Currently I'm trying to build syntax-aware NMT model.
In this project, I need the sequence of one of three transition actions (SHIFT, REDUCE-L, REDUCE-R)
Similar to what is in the image a
This chunk represents the transition-based dependency for 2 sentences(1 for 1 chunk split by empty lines)
I'm using Syntaxnet
to get the dependency parse tree first, but it doesn't directly provide that transition action sequences.
It's results are as follows,
Is it possible to get the action sequences similar to this image? Is it possible to convert what is achieved from this image to the original image's format.
A function that converts a dependency tree to a sequence of transitions is called an oracle. It is a necessary component of a statistical parser. The transitions you described (shift, reduce-l, reduce-r)¹ are those of the arc-standard transition system (not the arc-eager system, which is: shift, left-arc, right-arc, reduce).
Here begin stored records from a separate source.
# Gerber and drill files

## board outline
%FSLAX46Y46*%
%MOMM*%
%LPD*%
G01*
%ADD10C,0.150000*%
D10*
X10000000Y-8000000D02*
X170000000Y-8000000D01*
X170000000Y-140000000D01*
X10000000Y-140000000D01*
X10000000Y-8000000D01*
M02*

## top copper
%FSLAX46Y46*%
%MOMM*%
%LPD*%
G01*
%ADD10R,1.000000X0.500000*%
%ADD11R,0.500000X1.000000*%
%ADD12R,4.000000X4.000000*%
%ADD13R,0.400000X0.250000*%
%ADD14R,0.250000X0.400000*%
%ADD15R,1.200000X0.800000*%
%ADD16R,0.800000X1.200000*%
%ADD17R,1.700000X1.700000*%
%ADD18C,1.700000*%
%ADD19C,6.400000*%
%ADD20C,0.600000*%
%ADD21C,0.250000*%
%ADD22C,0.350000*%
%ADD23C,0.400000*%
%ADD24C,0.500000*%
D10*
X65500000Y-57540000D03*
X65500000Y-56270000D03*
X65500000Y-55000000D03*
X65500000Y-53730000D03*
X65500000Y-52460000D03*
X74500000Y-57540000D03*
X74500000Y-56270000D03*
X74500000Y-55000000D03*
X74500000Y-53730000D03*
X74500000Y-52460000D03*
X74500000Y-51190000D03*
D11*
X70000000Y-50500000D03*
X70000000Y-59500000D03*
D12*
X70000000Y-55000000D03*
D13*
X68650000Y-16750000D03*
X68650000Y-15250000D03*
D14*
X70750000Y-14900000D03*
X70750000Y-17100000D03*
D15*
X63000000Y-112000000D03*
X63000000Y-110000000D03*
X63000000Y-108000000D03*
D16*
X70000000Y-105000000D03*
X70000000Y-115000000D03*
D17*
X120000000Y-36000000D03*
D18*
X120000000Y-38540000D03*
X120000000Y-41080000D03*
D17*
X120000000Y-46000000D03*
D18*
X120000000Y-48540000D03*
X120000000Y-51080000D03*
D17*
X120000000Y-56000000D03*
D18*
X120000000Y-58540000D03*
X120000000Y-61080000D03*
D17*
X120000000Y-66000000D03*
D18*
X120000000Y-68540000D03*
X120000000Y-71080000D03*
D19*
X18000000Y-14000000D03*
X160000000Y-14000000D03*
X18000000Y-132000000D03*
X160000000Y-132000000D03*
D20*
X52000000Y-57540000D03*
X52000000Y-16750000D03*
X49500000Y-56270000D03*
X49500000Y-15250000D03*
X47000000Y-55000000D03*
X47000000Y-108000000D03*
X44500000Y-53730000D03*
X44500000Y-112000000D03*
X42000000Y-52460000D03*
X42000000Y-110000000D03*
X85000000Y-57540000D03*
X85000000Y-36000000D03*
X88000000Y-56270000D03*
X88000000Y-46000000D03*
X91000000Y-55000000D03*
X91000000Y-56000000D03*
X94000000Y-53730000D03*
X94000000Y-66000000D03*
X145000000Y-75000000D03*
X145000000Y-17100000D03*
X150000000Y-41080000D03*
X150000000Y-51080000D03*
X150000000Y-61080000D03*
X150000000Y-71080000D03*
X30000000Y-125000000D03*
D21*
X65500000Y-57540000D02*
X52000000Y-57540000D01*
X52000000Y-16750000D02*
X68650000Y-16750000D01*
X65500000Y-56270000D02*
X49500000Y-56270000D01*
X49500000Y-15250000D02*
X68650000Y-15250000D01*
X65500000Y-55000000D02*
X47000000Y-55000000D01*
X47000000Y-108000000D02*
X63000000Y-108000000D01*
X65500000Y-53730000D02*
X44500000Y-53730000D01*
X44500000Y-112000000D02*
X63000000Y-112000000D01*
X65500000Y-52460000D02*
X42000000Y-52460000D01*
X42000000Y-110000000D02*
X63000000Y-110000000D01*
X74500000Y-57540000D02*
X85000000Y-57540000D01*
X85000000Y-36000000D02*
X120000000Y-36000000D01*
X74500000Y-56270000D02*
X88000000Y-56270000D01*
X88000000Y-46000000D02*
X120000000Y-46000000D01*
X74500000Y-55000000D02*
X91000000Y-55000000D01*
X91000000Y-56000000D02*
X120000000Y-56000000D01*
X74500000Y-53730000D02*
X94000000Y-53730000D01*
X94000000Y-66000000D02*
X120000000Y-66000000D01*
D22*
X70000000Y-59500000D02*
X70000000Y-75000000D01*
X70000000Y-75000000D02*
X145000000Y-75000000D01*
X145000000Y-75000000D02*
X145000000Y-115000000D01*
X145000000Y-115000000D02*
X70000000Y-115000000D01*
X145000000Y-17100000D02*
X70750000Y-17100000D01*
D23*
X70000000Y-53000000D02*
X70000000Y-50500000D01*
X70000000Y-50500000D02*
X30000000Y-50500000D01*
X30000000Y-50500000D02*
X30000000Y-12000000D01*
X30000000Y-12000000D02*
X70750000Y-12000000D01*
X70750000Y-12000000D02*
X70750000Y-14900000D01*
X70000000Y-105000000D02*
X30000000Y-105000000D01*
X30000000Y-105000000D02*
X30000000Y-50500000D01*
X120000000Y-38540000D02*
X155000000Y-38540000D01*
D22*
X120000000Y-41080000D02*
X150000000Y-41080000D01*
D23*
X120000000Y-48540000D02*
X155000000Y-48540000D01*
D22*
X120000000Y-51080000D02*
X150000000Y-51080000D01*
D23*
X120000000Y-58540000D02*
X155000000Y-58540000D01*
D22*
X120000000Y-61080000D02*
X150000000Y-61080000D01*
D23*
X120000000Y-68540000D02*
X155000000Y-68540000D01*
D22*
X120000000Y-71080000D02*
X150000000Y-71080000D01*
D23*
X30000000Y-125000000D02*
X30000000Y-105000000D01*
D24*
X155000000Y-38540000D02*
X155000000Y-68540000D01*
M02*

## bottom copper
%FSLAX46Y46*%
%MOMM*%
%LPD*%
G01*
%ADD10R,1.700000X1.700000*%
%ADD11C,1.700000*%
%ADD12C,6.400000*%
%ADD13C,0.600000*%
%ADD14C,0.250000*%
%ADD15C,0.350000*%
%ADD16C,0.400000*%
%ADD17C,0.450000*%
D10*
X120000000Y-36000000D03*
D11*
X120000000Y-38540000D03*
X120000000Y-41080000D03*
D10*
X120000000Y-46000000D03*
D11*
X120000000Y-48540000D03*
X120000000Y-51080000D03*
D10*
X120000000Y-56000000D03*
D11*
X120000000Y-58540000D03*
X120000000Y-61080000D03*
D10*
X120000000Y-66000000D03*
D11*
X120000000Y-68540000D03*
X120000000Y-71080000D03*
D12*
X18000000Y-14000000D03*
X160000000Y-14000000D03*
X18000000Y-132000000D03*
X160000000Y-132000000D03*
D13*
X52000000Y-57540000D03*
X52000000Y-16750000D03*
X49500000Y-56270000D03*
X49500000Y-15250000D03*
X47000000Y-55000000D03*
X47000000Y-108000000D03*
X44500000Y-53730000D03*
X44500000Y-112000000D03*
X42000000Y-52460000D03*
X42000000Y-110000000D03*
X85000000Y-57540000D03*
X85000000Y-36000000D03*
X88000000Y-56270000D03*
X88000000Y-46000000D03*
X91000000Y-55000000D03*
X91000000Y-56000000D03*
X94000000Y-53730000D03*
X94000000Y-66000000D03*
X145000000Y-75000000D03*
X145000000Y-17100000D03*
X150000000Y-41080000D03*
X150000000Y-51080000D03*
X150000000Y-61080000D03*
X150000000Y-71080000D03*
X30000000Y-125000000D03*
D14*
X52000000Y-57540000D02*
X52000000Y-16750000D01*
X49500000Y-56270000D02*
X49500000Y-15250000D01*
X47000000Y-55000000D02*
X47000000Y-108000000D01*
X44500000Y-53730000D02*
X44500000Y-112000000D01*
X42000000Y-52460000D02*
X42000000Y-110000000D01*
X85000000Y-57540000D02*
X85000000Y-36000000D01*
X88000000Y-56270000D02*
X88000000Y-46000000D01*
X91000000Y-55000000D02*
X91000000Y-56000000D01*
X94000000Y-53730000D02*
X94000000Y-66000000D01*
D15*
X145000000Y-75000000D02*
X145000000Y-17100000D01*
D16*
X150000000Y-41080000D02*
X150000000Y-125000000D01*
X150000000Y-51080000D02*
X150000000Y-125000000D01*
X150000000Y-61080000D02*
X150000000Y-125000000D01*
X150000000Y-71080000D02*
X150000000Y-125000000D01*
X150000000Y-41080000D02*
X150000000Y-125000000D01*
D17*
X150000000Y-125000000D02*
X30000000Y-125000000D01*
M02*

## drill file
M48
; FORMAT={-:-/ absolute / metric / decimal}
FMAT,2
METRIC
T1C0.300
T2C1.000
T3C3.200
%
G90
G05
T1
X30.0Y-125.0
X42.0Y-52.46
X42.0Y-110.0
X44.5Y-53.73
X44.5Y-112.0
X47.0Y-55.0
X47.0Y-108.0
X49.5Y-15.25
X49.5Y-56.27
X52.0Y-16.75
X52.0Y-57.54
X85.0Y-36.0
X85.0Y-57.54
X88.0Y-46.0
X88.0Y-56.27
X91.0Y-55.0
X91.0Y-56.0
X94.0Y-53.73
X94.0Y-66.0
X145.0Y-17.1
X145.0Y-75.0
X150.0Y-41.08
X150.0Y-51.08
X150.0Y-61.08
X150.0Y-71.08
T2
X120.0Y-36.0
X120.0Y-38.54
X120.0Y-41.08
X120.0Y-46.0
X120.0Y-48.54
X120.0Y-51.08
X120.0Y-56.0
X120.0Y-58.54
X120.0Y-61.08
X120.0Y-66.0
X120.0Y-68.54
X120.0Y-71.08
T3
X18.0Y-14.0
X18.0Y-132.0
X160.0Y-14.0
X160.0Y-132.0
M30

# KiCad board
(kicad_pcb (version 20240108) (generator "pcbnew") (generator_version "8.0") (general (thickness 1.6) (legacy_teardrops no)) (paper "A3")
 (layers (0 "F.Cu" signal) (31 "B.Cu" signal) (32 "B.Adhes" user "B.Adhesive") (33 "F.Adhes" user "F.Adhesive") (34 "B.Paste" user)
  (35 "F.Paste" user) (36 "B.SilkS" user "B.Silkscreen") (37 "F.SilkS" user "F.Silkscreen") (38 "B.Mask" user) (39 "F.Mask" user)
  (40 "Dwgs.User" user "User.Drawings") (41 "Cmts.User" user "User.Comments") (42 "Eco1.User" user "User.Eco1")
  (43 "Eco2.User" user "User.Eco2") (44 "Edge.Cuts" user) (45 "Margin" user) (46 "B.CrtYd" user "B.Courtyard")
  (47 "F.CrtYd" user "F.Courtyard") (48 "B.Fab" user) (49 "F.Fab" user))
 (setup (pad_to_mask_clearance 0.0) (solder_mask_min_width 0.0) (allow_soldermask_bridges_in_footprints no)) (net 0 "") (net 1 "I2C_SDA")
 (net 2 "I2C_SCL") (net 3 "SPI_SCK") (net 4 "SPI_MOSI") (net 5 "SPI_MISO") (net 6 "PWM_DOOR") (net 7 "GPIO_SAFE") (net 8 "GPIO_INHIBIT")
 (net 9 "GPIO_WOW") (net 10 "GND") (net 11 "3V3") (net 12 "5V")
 (gr_rect (start 10 8) (end 170 140) (stroke (width 0.15) (type solid)) (fill none) (layer "Edge.Cuts"))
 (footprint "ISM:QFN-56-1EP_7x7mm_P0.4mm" (layer "F.Cu") (at 70 55)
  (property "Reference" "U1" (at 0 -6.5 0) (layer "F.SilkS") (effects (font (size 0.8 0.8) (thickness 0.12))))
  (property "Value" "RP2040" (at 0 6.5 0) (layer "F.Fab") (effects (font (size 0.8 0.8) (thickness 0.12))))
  (pad "1" smd rect (at -4.5 2.54) (size 1.0 0.5) (layers "F.Cu" "F.Paste" "F.Mask") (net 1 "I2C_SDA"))
  (pad "2" smd rect (at -4.5 1.27) (size 1.0 0.5) (layers "F.Cu" "F.Paste" "F.Mask") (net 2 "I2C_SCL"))
  (pad "3" smd rect (at -4.5 0) (size 1.0 0.5) (layers "F.Cu" "F.Paste" "F.Mask") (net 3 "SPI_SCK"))
  (pad "4" smd rect (at -4.5 -1.27) (size 1.0 0.5) (layers "F.Cu" "F.Paste" "F.Mask") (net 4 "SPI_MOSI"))
  (pad "5" smd rect (at -4.5 -2.54) (size 1.0 0.5) (layers "F.Cu" "F.Paste" "F.Mask") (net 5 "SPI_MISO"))
  (pad "6" smd rect (at 4.5 2.54) (size 1.0 0.5) (layers "F.Cu" "F.Paste" "F.Mask") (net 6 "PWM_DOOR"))
  (pad "7" smd rect (at 4.5 1.27) (size 1.0 0.5) (layers "F.Cu" "F.Paste" "F.Mask") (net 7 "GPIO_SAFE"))
  (pad "8" smd rect (at 4.5 0) (size 1.0 0.5) (layers "F.Cu" "F.Paste" "F.Mask") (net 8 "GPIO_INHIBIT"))
  (pad "9" smd rect (at 4.5 -1.27) (size 1.0 0.5) (layers "F.Cu" "F.Paste" "F.Mask") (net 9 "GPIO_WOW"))
  (pad "12" smd rect (at 4.5 -2.54) (size 1.0 0.5) (layers "F.Cu" "F.Paste" "F.Mask"))
  (pad "13" smd rect (at 4.5 -3.81) (size 1.0 0.5) (layers "F.Cu" "F.Paste" "F.Mask"))
  (pad "10" smd rect (at 0 -4.5) (size 0.5 1.0) (layers "F.Cu" "F.Paste" "F.Mask") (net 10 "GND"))
  (pad "11" smd rect (at 0 4.5) (size 0.5 1.0) (layers "F.Cu" "F.Paste" "F.Mask") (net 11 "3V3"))
  (pad "EP" smd rect (at 0 0) (size 4 4) (layers "F.Cu" "F.Paste" "F.Mask") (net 10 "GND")))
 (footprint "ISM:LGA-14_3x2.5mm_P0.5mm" (layer "F.Cu") (at 70 16)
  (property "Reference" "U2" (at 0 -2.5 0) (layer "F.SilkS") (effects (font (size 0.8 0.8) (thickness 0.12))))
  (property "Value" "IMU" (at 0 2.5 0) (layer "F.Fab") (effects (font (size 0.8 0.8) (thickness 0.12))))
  (pad "1" smd rect (at -1.35 0.75) (size 0.4 0.25) (layers "F.Cu" "F.Paste" "F.Mask") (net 1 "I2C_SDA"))
  (pad "2" smd rect (at -1.35 -0.75) (size 0.4 0.25) (layers "F.Cu" "F.Paste" "F.Mask") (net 2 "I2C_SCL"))
  (pad "3" smd rect (at 0.75 -1.1) (size 0.25 0.4) (layers "F.Cu" "F.Paste" "F.Mask") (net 10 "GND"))
  (pad "4" smd rect (at 0.75 1.1) (size 0.25 0.4) (layers "F.Cu" "F.Paste" "F.Mask") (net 11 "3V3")))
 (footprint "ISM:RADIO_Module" (layer "F.Cu") (at 70 110)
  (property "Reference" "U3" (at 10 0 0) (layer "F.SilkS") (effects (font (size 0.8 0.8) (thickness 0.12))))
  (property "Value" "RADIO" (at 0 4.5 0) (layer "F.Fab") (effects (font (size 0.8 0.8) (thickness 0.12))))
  (pad "1" smd rect (at -7 2) (size 1.2 0.8) (layers "F.Cu" "F.Paste" "F.Mask") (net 4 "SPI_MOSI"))
  (pad "2" smd rect (at -7 0) (size 1.2 0.8) (layers "F.Cu" "F.Paste" "F.Mask") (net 5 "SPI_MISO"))
  (pad "3" smd rect (at -7 -2) (size 1.2 0.8) (layers "F.Cu" "F.Paste" "F.Mask") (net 3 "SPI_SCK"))
  (pad "4" smd rect (at 0 -5) (size 0.8 1.2) (layers "F.Cu" "F.Paste" "F.Mask") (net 10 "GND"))
  (pad "5" smd rect (at 0 5) (size 0.8 1.2) (layers "F.Cu" "F.Paste" "F.Mask") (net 11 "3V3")))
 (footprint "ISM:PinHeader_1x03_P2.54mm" (layer "F.Cu") (at 120 36)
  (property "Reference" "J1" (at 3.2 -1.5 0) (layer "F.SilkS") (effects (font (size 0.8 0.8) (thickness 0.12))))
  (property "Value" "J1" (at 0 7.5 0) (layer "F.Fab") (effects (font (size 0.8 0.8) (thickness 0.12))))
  (pad "1" thru_hole rect (at 0 0) (size 1.7 1.7) (drill 1.0) (layers "*.Cu" "*.Mask") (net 6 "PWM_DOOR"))
  (pad "2" thru_hole circle (at 0 2.54) (size 1.7 1.7) (drill 1.0) (layers "*.Cu" "*.Mask") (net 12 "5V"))
  (pad "3" thru_hole circle (at 0 5.08) (size 1.7 1.7) (drill 1.0) (layers "*.Cu" "*.Mask") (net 10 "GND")))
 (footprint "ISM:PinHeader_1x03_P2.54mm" (layer "F.Cu") (at 120 46)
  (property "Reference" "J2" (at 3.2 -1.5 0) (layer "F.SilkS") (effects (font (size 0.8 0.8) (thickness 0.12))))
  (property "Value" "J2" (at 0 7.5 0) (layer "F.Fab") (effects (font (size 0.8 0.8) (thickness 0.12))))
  (pad "1" thru_hole rect (at 0 0) (size 1.7 1.7) (drill 1.0) (layers "*.Cu" "*.Mask") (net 7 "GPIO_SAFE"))
  (pad "2" thru_hole circle (at 0 2.54) (size 1.7 1.7) (drill 1.0) (layers "*.Cu" "*.Mask") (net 12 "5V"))
  (pad "3" thru_hole circle (at 0 5.08) (size 1.7 1.7) (drill 1.0) (layers "*.Cu" "*.Mask") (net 10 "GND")))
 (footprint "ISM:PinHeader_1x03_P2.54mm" (layer "F.Cu") (at 120 56)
Pseudo-code for an arc-standard oracle:
stack = [] # stack[0] is the top of the stack
buffer = [w1, w2, ..., wn]
while len(buffer) > 0 or len(stack) != 1:
if stack[0] is the head of stack[1]:
apply left-arc
if stack[1] is the head of stack[0]:
if there is a token in the buffer whose head is stack[0]
# (i.e not all children of stack[1] have been attached to it)
apply shift
else:
apply right-arc
These slides present the two parsing algorithms and their oracles.
¹Reduce-left, reduce-right are often named right-arc and left-arc in the context of dependency parsing.